OBJECTIVE: To dynamically monitor tumor growth in nude mice after orthotopic liver cancer modeling and to compare it with pathology, so as to determine the appropriate period of intervention therapy.
METHODS: HepG2 cells were injected subcutaneously into nude mice, and after tumor formation, they were cut into 1 mm3 tissue blocks and implanted into the liver of 15 nude mice. Ultrasonography and magnetic resonance imaging (MRI) were performed on 5 nude mice at 4, 6, and 8 weeks after modeling. Magnetic resonance imaging, MRI) examination, measuring the length and diameter of the tumor, after anesthesia, the nude mice were sacrificed, the liver tumor formation was observed by dissection, the length and diameter of the tumor were measured, and the specimens were sent for pathology.

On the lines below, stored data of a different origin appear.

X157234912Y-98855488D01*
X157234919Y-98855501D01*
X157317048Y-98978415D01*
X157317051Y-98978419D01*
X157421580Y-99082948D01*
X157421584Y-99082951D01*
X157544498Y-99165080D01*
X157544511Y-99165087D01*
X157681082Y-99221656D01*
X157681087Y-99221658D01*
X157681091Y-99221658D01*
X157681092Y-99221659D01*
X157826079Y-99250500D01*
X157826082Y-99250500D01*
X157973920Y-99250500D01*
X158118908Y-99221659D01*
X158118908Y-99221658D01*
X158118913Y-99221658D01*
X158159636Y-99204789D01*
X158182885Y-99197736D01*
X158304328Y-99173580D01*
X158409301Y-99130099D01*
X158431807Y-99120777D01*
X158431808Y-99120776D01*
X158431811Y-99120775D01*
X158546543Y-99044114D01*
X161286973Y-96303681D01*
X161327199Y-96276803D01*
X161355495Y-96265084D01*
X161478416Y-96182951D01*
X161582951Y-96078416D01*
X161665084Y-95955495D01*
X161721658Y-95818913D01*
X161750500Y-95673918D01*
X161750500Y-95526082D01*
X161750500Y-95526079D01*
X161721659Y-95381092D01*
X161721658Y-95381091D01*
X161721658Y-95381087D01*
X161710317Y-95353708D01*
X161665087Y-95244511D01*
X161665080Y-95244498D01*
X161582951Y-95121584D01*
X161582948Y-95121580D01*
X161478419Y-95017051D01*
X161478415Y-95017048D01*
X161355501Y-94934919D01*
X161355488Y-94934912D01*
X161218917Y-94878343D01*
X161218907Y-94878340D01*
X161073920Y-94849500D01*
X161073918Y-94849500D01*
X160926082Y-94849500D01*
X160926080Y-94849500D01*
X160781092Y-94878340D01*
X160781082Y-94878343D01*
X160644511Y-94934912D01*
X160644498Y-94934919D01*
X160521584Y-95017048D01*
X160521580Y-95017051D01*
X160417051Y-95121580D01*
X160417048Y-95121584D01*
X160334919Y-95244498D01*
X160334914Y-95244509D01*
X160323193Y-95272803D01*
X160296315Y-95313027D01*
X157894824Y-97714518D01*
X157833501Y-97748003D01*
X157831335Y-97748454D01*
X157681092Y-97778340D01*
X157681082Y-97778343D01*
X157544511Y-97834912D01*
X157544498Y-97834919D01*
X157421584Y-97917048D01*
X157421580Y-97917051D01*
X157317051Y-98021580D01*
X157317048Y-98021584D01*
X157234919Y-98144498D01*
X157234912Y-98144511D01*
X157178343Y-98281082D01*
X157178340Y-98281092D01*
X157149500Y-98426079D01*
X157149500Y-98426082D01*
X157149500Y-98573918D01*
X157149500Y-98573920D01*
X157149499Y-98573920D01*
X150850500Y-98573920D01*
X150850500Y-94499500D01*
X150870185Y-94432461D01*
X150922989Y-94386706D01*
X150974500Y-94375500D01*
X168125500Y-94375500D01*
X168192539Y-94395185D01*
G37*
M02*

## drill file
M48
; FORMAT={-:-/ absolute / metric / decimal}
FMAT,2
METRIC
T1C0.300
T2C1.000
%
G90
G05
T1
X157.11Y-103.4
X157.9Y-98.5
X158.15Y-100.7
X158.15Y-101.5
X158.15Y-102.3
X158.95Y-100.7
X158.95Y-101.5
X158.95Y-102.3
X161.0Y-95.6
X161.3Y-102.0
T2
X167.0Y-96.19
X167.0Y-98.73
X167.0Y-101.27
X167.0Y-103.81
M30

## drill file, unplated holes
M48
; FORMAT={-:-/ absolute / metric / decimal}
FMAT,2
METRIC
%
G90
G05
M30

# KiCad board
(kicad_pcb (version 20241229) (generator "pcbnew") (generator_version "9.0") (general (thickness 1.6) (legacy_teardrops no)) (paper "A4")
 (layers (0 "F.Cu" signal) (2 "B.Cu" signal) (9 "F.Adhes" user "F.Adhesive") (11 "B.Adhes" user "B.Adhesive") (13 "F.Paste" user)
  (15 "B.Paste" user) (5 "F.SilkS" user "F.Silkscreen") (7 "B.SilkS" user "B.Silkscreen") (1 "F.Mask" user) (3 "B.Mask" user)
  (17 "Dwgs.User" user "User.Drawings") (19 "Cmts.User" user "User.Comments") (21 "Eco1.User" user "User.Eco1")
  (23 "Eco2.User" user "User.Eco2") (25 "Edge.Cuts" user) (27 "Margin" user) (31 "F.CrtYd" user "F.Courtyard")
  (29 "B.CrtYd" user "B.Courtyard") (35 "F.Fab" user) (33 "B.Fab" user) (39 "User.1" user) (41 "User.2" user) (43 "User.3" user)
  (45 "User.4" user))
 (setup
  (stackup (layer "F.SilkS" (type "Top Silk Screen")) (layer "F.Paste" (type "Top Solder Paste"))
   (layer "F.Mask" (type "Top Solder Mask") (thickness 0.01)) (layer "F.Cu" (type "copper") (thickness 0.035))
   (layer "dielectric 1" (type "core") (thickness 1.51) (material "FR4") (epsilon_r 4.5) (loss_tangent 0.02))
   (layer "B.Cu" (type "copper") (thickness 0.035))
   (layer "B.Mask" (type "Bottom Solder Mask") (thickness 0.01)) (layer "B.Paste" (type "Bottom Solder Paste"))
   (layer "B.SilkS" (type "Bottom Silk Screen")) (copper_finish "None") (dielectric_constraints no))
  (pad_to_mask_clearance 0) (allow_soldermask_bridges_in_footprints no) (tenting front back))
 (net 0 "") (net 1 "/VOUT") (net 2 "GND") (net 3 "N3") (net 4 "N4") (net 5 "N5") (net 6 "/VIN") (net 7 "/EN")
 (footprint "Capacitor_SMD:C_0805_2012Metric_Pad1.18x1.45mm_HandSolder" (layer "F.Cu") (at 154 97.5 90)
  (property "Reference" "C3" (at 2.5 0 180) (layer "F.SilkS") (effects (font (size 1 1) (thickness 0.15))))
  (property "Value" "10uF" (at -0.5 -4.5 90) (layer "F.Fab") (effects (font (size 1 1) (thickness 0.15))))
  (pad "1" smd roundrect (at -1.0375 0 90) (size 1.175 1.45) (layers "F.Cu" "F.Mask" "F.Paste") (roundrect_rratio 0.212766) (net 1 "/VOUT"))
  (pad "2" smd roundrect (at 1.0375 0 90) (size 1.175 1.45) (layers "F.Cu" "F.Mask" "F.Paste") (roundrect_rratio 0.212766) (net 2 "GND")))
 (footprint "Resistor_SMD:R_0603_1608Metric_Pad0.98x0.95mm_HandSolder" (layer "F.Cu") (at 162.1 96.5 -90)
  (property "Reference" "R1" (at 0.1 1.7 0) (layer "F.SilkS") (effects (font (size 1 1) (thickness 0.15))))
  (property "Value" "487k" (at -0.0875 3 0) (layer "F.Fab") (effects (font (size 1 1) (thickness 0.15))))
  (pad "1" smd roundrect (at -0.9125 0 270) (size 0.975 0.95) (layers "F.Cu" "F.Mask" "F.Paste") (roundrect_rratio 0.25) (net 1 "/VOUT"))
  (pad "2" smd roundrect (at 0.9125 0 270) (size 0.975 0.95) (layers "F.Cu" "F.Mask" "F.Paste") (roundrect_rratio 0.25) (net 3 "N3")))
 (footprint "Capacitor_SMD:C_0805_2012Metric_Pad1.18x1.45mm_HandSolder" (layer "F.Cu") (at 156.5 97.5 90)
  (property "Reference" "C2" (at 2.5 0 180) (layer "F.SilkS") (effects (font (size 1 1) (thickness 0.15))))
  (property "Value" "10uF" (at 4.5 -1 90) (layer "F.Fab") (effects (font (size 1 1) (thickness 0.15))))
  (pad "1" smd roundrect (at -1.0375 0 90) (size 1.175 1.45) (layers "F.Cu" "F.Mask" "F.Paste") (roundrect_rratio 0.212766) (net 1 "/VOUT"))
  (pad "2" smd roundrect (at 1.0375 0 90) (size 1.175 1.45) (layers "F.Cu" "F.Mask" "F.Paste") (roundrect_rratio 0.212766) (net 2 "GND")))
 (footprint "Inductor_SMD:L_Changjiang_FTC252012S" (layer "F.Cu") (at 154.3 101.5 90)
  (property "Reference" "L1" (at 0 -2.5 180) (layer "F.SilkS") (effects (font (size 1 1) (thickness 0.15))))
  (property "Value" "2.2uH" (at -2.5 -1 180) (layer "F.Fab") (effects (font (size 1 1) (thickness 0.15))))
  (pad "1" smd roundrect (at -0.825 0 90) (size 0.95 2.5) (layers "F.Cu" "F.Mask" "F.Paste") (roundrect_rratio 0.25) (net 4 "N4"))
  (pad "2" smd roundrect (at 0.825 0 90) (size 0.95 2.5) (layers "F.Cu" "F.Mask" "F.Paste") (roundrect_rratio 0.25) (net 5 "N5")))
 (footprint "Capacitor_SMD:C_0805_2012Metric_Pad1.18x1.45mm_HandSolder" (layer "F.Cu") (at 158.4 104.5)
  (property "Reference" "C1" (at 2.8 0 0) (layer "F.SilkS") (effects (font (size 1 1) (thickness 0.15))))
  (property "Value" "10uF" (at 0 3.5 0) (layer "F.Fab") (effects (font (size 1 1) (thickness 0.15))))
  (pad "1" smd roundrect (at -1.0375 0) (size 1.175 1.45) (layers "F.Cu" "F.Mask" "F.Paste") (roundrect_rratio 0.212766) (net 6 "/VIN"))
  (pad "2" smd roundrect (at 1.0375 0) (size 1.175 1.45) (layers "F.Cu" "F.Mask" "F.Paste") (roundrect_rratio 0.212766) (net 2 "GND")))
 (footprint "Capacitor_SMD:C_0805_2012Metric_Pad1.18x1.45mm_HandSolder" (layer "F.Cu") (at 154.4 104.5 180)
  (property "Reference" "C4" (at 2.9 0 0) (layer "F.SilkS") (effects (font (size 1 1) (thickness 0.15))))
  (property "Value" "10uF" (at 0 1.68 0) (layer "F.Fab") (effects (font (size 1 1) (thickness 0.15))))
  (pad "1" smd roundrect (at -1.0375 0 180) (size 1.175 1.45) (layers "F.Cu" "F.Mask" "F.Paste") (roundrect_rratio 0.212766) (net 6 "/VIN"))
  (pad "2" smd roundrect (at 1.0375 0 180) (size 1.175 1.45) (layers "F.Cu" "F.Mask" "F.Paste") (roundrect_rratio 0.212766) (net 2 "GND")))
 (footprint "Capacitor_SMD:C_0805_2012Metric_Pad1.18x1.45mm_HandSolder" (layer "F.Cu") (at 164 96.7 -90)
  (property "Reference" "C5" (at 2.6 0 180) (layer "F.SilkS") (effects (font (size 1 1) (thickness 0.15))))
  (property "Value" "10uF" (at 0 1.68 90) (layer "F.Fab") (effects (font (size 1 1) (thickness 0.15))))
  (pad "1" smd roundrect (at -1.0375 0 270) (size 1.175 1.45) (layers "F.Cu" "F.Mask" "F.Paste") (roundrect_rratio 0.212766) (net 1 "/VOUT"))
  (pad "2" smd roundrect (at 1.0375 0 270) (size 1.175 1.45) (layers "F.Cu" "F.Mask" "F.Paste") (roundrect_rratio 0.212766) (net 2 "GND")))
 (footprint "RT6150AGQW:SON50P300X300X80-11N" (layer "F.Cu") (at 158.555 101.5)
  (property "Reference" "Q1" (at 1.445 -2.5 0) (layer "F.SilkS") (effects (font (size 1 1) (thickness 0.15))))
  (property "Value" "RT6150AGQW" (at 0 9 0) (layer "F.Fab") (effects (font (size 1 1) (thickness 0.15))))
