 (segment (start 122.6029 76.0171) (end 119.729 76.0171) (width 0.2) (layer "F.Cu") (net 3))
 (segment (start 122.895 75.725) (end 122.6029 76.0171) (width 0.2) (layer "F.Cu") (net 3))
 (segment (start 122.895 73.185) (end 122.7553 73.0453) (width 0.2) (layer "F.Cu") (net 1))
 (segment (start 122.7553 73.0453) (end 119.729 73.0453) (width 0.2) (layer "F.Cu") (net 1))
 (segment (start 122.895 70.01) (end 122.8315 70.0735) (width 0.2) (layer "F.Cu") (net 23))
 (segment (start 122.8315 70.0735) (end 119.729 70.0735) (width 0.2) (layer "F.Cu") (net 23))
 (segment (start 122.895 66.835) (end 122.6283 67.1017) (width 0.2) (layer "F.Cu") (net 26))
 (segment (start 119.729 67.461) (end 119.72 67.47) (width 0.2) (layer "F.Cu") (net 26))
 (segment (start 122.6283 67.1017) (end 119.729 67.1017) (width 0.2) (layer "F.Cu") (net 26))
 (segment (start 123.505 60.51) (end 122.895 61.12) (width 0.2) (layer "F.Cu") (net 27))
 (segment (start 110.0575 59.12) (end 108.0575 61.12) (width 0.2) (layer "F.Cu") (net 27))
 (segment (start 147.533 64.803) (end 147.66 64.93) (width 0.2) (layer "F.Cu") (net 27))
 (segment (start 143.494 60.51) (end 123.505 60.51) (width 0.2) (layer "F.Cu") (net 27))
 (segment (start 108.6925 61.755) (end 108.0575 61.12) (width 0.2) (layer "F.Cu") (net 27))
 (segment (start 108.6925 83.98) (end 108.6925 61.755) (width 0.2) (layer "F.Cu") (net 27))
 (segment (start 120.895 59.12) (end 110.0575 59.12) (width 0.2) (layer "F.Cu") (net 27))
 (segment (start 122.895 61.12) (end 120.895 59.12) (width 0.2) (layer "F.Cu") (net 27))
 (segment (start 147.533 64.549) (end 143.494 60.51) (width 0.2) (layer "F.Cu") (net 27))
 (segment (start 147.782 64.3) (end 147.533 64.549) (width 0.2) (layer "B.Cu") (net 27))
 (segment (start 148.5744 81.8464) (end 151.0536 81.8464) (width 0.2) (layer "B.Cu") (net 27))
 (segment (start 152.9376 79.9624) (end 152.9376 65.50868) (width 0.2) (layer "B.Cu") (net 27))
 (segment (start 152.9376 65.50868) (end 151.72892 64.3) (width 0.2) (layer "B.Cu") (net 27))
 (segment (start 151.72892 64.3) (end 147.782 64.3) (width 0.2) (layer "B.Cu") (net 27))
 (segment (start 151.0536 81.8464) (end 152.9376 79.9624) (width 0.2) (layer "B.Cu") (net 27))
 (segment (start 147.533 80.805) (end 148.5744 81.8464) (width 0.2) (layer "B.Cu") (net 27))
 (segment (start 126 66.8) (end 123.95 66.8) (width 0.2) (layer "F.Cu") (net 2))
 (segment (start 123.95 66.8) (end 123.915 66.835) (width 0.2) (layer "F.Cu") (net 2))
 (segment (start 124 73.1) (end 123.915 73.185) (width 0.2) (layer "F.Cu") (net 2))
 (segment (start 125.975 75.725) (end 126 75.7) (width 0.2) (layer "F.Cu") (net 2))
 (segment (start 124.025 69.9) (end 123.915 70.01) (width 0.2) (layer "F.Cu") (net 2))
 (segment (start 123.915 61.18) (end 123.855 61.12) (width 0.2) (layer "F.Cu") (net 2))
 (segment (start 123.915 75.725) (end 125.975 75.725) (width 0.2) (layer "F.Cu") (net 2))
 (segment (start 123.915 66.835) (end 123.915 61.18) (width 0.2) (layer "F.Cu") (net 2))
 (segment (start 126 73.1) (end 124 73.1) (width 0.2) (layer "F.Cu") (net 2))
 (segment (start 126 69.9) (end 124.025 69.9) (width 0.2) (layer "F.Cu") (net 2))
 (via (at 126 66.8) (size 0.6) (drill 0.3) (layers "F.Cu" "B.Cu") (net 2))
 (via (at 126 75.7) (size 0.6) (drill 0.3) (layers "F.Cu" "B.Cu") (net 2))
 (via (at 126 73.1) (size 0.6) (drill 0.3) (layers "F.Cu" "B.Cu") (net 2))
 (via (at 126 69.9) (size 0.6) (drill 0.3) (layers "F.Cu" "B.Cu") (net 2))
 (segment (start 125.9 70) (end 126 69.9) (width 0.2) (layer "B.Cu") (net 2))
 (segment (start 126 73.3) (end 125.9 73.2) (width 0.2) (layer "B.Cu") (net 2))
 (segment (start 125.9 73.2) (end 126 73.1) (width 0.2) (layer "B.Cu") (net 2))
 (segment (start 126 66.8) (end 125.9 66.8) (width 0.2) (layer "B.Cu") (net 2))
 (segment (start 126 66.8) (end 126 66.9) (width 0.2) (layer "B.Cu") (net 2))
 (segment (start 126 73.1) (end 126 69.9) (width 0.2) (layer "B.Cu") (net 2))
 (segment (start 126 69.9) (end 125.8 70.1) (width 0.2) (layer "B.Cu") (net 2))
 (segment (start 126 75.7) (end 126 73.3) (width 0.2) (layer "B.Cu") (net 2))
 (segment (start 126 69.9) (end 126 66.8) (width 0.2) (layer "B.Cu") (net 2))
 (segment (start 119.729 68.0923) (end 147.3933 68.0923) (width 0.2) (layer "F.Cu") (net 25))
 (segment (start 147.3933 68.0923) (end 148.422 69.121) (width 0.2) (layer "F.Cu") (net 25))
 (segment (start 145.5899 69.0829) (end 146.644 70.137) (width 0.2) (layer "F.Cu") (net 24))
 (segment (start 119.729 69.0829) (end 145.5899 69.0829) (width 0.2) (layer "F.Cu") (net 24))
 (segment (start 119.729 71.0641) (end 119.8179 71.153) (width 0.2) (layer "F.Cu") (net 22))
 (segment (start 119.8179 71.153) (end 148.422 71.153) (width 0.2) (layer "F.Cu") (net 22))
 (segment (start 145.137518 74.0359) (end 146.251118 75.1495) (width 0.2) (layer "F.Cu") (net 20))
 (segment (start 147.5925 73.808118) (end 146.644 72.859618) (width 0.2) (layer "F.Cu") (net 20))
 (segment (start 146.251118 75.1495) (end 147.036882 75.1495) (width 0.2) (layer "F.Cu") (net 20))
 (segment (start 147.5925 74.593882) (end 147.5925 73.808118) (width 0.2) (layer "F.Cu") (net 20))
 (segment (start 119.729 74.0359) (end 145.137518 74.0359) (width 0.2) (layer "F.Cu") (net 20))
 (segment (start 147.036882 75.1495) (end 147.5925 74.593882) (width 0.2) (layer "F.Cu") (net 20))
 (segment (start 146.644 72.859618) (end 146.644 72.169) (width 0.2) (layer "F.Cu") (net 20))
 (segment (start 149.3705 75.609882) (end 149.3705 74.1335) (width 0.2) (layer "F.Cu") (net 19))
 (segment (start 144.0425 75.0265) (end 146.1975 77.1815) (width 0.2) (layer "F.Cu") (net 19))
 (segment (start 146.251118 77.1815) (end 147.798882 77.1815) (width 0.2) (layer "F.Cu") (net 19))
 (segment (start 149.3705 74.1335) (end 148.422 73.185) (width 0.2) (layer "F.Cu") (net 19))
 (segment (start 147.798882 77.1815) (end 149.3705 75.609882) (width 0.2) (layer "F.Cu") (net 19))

Results: The tumor formation rate of liver cancer in nude mice was 80%. The tumors were all single with clear boundaries. The detection rate of ultrasound was 75%, and the detection rate of MRI was 100%. The average length of the tumor was 4 mm at 4 weeks, and 7 mm at 6 weeks. The average length diameter at 8 weeks was 11 mm. Wilcoxon rank sum test, ultrasound and anatomy comparison, P=0.0059, MRI and anatomy comparison, P=0.208. Monitoring at 4 and 6 weeks showed that liver cancer was uniformly hypoechoic on ultrasound; T2WI showed clear boundary The pathological manifestations of tumor cells are dense, large nuclei, and obvious atypia. On 8 weeks of monitoring, the ultrasonographic manifestations are inhomogeneous and hypoechoic; T2WI is irregular high signal, with cluttered center and uneven distribution. The pathological manifestations are: Necrosis inside the tumor.
Conclusion: The tumor formation rate of in situ liver cancer in nude mice modeled by tissue block is high. Imaging features are related to pathological manifestations. MRI is an effective imaging method to monitor tumor growth throughout the whole process. 1mm3 tumor block inoculated in nude mice liver, 4 to 6 weeks may be optimal time for intervention.